Only one stretch of the data below should be repeated: the lines from the line containing "X144274405Y-79950000D01*" through the line containing "20,1,$1+$1,$2,$3,$4,$5,0*", inclusive, exactly as they are.

MATERIAL SHOWN START

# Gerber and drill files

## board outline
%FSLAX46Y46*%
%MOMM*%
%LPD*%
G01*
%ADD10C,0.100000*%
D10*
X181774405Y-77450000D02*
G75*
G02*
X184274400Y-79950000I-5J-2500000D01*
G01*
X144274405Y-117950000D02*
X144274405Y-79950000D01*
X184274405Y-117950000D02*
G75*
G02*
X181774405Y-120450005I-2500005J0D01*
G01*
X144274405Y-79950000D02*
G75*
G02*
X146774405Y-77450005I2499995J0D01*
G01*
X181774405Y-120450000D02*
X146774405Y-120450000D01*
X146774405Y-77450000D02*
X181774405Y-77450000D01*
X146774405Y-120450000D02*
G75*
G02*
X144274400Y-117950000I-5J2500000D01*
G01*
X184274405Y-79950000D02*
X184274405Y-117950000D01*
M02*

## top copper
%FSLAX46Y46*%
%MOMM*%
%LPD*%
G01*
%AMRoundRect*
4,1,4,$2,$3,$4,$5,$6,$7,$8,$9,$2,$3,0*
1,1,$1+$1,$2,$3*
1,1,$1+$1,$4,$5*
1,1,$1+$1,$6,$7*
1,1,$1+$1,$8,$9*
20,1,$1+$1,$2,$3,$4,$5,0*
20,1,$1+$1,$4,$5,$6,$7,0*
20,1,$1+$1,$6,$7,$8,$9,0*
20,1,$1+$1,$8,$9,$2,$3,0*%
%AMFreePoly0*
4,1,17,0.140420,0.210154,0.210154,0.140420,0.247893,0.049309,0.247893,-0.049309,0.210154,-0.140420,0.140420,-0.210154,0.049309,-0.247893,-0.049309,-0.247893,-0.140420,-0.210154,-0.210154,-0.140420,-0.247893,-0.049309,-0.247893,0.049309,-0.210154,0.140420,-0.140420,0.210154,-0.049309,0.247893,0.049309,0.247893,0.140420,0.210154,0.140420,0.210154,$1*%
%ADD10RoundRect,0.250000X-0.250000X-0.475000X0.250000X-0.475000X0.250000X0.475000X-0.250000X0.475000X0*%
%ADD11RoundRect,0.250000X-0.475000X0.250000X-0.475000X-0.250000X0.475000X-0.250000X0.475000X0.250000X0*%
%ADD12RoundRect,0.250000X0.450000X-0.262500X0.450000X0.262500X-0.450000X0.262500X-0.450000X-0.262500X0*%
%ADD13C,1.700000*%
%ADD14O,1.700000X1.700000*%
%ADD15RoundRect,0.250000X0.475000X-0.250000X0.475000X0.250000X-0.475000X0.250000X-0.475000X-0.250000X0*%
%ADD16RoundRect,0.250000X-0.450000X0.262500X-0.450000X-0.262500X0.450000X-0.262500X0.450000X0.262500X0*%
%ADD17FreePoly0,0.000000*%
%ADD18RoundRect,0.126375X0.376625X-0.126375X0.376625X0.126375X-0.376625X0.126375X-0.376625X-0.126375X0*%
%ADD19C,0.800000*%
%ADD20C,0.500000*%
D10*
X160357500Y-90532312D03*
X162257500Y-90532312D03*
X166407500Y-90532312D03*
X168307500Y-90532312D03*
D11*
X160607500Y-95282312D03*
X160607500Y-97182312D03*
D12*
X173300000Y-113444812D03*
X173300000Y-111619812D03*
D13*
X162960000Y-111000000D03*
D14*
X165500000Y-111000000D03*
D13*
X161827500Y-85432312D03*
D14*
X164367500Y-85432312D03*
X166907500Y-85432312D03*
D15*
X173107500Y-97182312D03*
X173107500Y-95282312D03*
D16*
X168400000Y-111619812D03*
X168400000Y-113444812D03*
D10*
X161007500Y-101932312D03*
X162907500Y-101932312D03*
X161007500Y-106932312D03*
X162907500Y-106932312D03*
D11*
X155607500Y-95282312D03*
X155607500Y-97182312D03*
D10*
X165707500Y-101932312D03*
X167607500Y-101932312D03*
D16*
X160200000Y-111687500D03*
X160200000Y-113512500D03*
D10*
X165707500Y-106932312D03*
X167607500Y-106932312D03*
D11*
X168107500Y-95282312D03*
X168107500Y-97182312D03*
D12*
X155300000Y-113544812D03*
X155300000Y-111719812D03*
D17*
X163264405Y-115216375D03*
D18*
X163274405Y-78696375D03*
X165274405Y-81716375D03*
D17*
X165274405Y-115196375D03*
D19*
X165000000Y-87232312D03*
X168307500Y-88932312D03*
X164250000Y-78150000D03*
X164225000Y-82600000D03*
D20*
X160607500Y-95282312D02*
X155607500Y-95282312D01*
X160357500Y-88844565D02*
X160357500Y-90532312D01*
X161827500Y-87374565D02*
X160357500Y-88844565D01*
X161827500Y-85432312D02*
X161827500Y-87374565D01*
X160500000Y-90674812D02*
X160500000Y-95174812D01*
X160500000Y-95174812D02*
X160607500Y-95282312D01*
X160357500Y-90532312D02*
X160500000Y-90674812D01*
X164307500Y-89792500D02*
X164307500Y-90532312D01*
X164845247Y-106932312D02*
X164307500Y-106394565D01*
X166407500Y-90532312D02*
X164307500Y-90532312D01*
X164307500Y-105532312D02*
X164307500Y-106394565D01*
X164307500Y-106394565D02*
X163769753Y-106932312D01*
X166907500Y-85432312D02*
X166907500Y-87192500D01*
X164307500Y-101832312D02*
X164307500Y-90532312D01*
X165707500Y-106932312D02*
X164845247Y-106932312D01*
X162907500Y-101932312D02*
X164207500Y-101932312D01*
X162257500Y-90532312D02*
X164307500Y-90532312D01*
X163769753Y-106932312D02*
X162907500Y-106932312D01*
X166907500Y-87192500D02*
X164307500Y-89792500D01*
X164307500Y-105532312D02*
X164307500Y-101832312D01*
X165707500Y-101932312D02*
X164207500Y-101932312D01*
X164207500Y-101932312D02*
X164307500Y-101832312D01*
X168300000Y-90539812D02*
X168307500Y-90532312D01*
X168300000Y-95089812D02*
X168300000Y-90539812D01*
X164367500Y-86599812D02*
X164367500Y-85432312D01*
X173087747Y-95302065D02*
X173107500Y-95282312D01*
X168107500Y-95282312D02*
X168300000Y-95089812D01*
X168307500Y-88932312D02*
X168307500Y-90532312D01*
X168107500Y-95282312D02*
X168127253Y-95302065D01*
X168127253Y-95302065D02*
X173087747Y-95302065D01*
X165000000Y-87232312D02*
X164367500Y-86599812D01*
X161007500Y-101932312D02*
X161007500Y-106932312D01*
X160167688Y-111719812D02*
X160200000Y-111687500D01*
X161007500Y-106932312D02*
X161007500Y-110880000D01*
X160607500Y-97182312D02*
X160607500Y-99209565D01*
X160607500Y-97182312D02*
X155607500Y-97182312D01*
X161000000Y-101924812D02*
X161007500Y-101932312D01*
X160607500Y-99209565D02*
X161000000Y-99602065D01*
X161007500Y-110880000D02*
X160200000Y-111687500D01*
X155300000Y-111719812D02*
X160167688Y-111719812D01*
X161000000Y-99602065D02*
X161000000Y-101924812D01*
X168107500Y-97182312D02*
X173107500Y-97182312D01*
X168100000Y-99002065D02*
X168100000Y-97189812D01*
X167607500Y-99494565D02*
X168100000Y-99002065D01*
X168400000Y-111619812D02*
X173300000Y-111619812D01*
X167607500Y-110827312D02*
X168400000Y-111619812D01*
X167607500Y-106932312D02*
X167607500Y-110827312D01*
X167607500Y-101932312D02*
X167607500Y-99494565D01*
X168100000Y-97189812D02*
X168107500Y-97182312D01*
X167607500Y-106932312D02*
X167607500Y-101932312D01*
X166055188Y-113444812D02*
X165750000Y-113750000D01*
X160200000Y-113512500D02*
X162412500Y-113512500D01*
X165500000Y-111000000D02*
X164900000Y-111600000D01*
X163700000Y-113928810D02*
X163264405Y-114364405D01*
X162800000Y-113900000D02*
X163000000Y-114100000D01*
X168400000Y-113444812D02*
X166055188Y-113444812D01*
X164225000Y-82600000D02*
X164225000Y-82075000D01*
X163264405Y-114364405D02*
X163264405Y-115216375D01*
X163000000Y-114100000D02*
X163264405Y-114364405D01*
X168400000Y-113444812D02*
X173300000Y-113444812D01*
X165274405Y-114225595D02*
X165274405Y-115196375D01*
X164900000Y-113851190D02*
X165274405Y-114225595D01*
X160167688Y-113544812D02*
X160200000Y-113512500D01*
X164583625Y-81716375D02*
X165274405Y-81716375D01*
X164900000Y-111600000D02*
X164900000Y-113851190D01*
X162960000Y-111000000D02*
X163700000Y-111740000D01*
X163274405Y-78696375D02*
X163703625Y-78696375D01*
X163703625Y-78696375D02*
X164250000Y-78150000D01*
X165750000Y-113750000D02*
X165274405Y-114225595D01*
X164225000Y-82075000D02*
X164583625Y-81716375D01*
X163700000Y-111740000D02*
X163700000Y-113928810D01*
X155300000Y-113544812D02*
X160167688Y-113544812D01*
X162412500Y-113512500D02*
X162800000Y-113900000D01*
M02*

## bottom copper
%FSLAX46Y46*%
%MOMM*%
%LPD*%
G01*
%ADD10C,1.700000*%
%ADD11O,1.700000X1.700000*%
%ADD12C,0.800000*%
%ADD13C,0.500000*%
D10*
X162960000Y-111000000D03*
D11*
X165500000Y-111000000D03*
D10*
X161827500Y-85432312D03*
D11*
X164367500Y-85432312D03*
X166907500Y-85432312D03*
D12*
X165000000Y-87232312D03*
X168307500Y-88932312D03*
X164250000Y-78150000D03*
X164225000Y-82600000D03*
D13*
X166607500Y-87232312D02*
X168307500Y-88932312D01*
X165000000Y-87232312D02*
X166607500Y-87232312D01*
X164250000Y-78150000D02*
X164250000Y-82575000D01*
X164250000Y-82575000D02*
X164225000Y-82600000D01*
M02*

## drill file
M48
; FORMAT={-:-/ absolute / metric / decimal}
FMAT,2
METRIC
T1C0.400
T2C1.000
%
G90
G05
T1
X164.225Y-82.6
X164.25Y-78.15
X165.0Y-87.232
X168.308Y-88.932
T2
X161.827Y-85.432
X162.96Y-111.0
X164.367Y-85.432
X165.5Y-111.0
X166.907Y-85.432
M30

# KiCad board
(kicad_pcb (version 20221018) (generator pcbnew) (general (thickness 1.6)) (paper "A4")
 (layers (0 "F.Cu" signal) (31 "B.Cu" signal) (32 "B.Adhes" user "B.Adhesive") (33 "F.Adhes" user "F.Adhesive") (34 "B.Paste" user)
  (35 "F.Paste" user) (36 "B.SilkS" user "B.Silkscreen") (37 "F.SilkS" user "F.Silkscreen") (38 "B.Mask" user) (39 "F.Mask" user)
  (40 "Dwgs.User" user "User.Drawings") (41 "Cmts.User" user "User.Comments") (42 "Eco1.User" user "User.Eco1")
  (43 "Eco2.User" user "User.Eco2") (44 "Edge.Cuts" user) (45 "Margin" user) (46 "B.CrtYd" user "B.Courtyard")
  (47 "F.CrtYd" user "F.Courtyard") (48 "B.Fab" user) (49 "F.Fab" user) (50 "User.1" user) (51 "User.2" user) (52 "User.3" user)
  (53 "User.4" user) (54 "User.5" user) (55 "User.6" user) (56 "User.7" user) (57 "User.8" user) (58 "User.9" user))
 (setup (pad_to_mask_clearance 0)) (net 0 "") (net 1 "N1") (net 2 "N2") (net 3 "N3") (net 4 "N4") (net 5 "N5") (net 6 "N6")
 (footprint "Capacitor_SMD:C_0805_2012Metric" (layer "F.Cu") (at 161.3075 90.532312)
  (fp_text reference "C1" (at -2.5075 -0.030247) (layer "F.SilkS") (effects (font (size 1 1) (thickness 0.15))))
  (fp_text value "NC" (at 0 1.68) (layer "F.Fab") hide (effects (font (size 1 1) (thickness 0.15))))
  (pad "1" smd roundrect (at -0.95 0) (size 1 1.45) (layers "F.Cu" "F.Paste" "F.Mask") (roundrect_rratio 0.25) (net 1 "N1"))
  (pad "2" smd roundrect (at 0.95 0) (size 1 1.45) (layers "F.Cu" "F.Paste" "F.Mask") (roundrect_rratio 0.25) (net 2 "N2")))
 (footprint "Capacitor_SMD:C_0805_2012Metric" (layer "F.Cu") (at 167.3575 90.532312)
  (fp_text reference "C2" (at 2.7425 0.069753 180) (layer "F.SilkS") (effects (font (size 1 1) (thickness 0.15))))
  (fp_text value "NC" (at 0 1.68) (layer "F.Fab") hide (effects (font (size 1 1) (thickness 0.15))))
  (pad "1" smd roundrect (at -0.95 0) (size 1 1.45) (layers "F.Cu" "F.Paste" "F.Mask") (roundrect_rratio 0.25) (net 2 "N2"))
  (pad "2" smd roundrect (at 0.95 0) (size 1 1.45) (layers "F.Cu" "F.Paste" "F.Mask") (roundrect_rratio 0.25) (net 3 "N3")))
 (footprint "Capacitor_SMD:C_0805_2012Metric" (layer "F.Cu") (at 160.6075 96.232312 -90)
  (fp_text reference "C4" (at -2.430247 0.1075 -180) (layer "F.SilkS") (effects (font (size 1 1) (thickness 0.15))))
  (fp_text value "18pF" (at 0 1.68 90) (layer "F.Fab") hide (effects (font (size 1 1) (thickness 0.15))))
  (pad "1" smd roundrect (at -0.95 0 270) (size 1 1.45) (layers "F.Cu" "F.Paste" "F.Mask") (roundrect_rratio 0.25) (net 1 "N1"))
  (pad "2" smd roundrect (at 0.95 0 270) (size 1 1.45) (layers "F.Cu" "F.Paste" "F.Mask") (roundrect_rratio 0.25) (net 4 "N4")))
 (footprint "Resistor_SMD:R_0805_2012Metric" (layer "F.Cu") (at 173.3 112.532312 90)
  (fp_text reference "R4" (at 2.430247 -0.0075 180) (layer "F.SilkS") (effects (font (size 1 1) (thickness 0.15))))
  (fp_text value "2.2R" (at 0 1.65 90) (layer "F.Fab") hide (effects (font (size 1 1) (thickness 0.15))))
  (pad "1" smd roundrect (at -0.9125 0 90) (size 1.025 1.4) (layers "F.Cu" "F.Paste" "F.Mask") (roundrect_rratio 0.243902) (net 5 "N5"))
  (pad "2" smd roundrect (at 0.9125 0 90) (size 1.025 1.4) (layers "F.Cu" "F.Paste" "F.Mask") (roundrect_rratio 0.243902) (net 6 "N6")))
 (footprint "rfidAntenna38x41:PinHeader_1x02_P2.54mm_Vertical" (layer "F.Cu") (at 162.96 111 90)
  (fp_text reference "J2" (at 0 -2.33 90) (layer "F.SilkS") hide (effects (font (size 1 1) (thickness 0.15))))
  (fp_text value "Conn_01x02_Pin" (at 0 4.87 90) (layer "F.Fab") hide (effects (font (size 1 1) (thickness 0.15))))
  (pad "1" thru_hole circle (at 0 0 90) (size 1.7 1.7) (drill 1) (layers "*.Cu" "*.Mask") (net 5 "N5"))
  (pad "2" thru_hole oval (at 0 2.54 90) (size 1.7 1.7) (drill 1) (layers "*.Cu" "*.Mask") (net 5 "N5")))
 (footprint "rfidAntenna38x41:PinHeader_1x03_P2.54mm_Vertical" (layer "F.Cu") (at 161.8275 85.432312 90)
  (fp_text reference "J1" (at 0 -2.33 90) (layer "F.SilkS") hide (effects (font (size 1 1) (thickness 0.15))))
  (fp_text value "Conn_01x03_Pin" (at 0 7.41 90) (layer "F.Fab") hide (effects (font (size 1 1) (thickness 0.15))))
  (pad "1" thru_hole circle (at 0 0 90) (size 1.7 1.7) (drill 1) (layers "*.Cu" "*.Mask") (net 1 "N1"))
  (pad "2" thru_hole oval (at 0 2.54 90) (size 1.7 1.7) (drill 1) (layers "*.Cu" "*.Mask") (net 3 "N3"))
  (pad "3" thru_hole oval (at 0 5.08 90) (size 1.7 1.7) (drill 1) (layers "*.Cu" "*.Mask") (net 2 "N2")))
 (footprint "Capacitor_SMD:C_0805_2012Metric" (layer "F.Cu") (at 173.1075 96.232312 90)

MATERIAL SHOWN END

_PROBLEM SOLUTION_.
X144274405Y-79950000D01*
X184274405Y-117950000D02*
G75*
G02*
X181774405Y-120450005I-2500005J0D01*
G01*
X144274405Y-79950000D02*
G75*
G02*
X146774405Y-77450005I2499995J0D01*
G01*
X181774405Y-120450000D02*
X146774405Y-120450000D01*
X146774405Y-77450000D02*
X181774405Y-77450000D01*
X146774405Y-120450000D02*
G75*
G02*
X144274400Y-117950000I-5J2500000D01*
G01*
X184274405Y-79950000D02*
X184274405Y-117950000D01*
M02*

## top copper
%FSLAX46Y46*%
%MOMM*%
%LPD*%
G01*
%AMRoundRect*
4,1,4,$2,$3,$4,$5,$6,$7,$8,$9,$2,$3,0*
1,1,$1+$1,$2,$3*
1,1,$1+$1,$4,$5*
1,1,$1+$1,$6,$7*
1,1,$1+$1,$8,$9*
20,1,$1+$1,$2,$3,$4,$5,0*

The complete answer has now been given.